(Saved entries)

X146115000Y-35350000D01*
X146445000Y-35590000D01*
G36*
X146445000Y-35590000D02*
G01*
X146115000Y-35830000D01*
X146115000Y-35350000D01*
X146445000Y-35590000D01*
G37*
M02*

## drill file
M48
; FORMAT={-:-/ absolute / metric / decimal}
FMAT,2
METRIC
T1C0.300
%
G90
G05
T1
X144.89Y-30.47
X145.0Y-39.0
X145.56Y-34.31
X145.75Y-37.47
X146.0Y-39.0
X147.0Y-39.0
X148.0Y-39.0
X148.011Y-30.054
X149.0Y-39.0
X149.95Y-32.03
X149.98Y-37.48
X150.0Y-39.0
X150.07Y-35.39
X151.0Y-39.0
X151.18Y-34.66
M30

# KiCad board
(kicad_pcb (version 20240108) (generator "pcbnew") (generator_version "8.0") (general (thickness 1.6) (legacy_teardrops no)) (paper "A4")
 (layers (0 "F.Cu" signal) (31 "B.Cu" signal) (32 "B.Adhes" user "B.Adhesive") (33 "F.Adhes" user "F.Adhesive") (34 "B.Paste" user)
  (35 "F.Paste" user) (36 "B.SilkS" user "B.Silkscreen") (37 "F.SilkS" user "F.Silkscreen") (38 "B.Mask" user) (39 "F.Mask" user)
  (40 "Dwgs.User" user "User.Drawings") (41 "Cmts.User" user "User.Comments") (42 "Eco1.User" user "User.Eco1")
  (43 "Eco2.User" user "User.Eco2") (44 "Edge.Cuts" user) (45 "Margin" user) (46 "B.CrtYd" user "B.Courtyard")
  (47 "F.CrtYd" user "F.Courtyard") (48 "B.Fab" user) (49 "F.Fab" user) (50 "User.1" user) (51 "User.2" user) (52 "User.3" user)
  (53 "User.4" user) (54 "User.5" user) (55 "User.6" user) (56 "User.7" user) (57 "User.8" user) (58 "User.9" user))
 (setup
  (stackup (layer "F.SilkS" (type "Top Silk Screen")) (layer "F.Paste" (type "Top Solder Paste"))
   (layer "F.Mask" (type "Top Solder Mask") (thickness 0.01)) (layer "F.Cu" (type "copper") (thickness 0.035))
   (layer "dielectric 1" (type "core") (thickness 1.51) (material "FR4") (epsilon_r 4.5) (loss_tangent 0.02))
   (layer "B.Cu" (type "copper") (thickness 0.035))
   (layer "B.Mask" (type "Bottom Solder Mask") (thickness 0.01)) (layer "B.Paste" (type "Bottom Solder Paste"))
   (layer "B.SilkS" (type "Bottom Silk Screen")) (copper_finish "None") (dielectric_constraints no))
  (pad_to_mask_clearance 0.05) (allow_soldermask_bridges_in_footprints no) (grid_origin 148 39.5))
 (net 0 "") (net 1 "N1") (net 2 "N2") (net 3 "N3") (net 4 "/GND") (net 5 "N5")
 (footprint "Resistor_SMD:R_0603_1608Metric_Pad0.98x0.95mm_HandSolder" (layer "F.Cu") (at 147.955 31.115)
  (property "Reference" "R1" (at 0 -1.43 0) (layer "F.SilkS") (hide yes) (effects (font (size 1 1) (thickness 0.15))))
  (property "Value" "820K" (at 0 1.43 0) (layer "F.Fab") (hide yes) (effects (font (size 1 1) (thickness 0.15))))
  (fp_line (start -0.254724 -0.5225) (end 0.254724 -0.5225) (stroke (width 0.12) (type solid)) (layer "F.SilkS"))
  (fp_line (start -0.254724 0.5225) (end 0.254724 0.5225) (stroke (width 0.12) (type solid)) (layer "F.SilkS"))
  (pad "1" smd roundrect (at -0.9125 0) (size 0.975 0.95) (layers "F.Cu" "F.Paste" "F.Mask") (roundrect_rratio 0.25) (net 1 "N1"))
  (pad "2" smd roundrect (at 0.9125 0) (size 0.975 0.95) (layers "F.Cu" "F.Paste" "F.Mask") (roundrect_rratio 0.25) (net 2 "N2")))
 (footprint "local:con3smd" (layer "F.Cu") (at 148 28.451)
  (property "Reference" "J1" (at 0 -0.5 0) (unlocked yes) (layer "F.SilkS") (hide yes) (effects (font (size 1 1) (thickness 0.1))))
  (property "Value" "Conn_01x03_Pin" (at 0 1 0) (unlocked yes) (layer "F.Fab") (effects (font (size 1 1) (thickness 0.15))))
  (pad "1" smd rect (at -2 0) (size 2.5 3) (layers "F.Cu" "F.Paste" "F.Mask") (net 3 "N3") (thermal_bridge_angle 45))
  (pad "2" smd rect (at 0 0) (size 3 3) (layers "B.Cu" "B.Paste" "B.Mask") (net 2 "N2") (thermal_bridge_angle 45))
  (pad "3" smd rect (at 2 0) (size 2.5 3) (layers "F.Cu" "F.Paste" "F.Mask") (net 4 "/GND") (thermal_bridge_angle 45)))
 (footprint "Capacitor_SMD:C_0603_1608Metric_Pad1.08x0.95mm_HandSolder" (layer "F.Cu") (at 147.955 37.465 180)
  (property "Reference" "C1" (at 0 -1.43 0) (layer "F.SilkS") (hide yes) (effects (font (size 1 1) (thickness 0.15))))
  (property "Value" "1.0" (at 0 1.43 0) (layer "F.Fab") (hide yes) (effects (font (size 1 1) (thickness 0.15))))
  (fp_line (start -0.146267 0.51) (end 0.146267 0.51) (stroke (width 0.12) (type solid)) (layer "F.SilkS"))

TASK OBJECTIVE: All of the entries need to be reproduced exactly; please write them out.

RESPONSE TO THIS TASK:
X146115000Y-35350000D01*
X146445000Y-35590000D01*
G36*
X146445000Y-35590000D02*
G01*
X146115000Y-35830000D01*
X146115000Y-35350000D01*
X146445000Y-35590000D01*
G37*
M02*

## drill file
M48
; FORMAT={-:-/ absolute / metric / decimal}
FMAT,2
METRIC
T1C0.300
%
G90
G05
T1
X144.89Y-30.47
X145.0Y-39.0
X145.56Y-34.31
X145.75Y-37.47
X146.0Y-39.0
X147.0Y-39.0
X148.0Y-39.0
X148.011Y-30.054
X149.0Y-39.0
X149.95Y-32.03
X149.98Y-37.48
X150.0Y-39.0
X150.07Y-35.39
X151.0Y-39.0
X151.18Y-34.66
M30

# KiCad board
(kicad_pcb (version 20240108) (generator "pcbnew") (generator_version "8.0") (general (thickness 1.6) (legacy_teardrops no)) (paper "A4")
 (layers (0 "F.Cu" signal) (31 "B.Cu" signal) (32 "B.Adhes" user "B.Adhesive") (33 "F.Adhes" user "F.Adhesive") (34 "B.Paste" user)
  (35 "F.Paste" user) (36 "B.SilkS" user "B.Silkscreen") (37 "F.SilkS" user "F.Silkscreen") (38 "B.Mask" user) (39 "F.Mask" user)
  (40 "Dwgs.User" user "User.Drawings") (41 "Cmts.User" user "User.Comments") (42 "Eco1.User" user "User.Eco1")
  (43 "Eco2.User" user "User.Eco2") (44 "Edge.Cuts" user) (45 "Margin" user) (46 "B.CrtYd" user "B.Courtyard")
  (47 "F.CrtYd" user "F.Courtyard") (48 "B.Fab" user) (49 "F.Fab" user) (50 "User.1" user) (51 "User.2" user) (52 "User.3" user)
  (53 "User.4" user) (54 "User.5" user) (55 "User.6" user) (56 "User.7" user) (57 "User.8" user) (58 "User.9" user))
 (setup
  (stackup (layer "F.SilkS" (type "Top Silk Screen")) (layer "F.Paste" (type "Top Solder Paste"))
   (layer "F.Mask" (type "Top Solder Mask") (thickness 0.01)) (layer "F.Cu" (type "copper") (thickness 0.035))
   (layer "dielectric 1" (type "core") (thickness 1.51) (material "FR4") (epsilon_r 4.5) (loss_tangent 0.02))
   (layer "B.Cu" (type "copper") (thickness 0.035))
   (layer "B.Mask" (type "Bottom Solder Mask") (thickness 0.01)) (layer "B.Paste" (type "Bottom Solder Paste"))
   (layer "B.SilkS" (type "Bottom Silk Screen")) (copper_finish "None") (dielectric_constraints no))
  (pad_to_mask_clearance 0.05) (allow_soldermask_bridges_in_footprints no) (grid_origin 148 39.5))
 (net 0 "") (net 1 "N1") (net 2 "N2") (net 3 "N3") (net 4 "/GND") (net 5 "N5")
 (footprint "Resistor_SMD:R_0603_1608Metric_Pad0.98x0.95mm_HandSolder" (layer "F.Cu") (at 147.955 31.115)
  (property "Reference" "R1" (at 0 -1.43 0) (layer "F.SilkS") (hide yes) (effects (font (size 1 1) (thickness 0.15))))
  (property "Value" "820K" (at 0 1.43 0) (layer "F.Fab") (hide yes) (effects (font (size 1 1) (thickness 0.15))))
  (fp_line (start -0.254724 -0.5225) (end 0.254724 -0.5225) (stroke (width 0.12) (type solid)) (layer "F.SilkS"))
  (fp_line (start -0.254724 0.5225) (end 0.254724 0.5225) (stroke (width 0.12) (type solid)) (layer "F.SilkS"))
  (pad "1" smd roundrect (at -0.9125 0) (size 0.975 0.95) (layers "F.Cu" "F.Paste" "F.Mask") (roundrect_rratio 0.25) (net 1 "N1"))
  (pad "2" smd roundrect (at 0.9125 0) (size 0.975 0.95) (layers "F.Cu" "F.Paste" "F.Mask") (roundrect_rratio 0.25) (net 2 "N2")))
 (footprint "local:con3smd" (layer "F.Cu") (at 148 28.451)
  (property "Reference" "J1" (at 0 -0.5 0) (unlocked yes) (layer "F.SilkS") (hide yes) (effects (font (size 1 1) (thickness 0.1))))
  (property "Value" "Conn_01x03_Pin" (at 0 1 0) (unlocked yes) (layer "F.Fab") (effects (font (size 1 1) (thickness 0.15))))
  (pad "1" smd rect (at -2 0) (size 2.5 3) (layers "F.Cu" "F.Paste" "F.Mask") (net 3 "N3") (thermal_bridge_angle 45))
  (pad "2" smd rect (at 0 0) (size 3 3) (layers "B.Cu" "B.Paste" "B.Mask") (net 2 "N2") (thermal_bridge_angle 45))
  (pad "3" smd rect (at 2 0) (size 2.5 3) (layers "F.Cu" "F.Paste" "F.Mask") (net 4 "/GND") (thermal_bridge_angle 45)))
 (footprint "Capacitor_SMD:C_0603_1608Metric_Pad1.08x0.95mm_HandSolder" (layer "F.Cu") (at 147.955 37.465 180)
  (property "Reference" "C1" (at 0 -1.43 0) (layer "F.SilkS") (hide yes) (effects (font (size 1 1) (thickness 0.15))))
  (property "Value" "1.0" (at 0 1.43 0) (layer "F.Fab") (hide yes) (effects (font (size 1 1) (thickness 0.15))))
  (fp_line (start -0.146267 0.51) (end 0.146267 0.51) (stroke (width 0.12) (type solid)) (layer "F.SilkS"))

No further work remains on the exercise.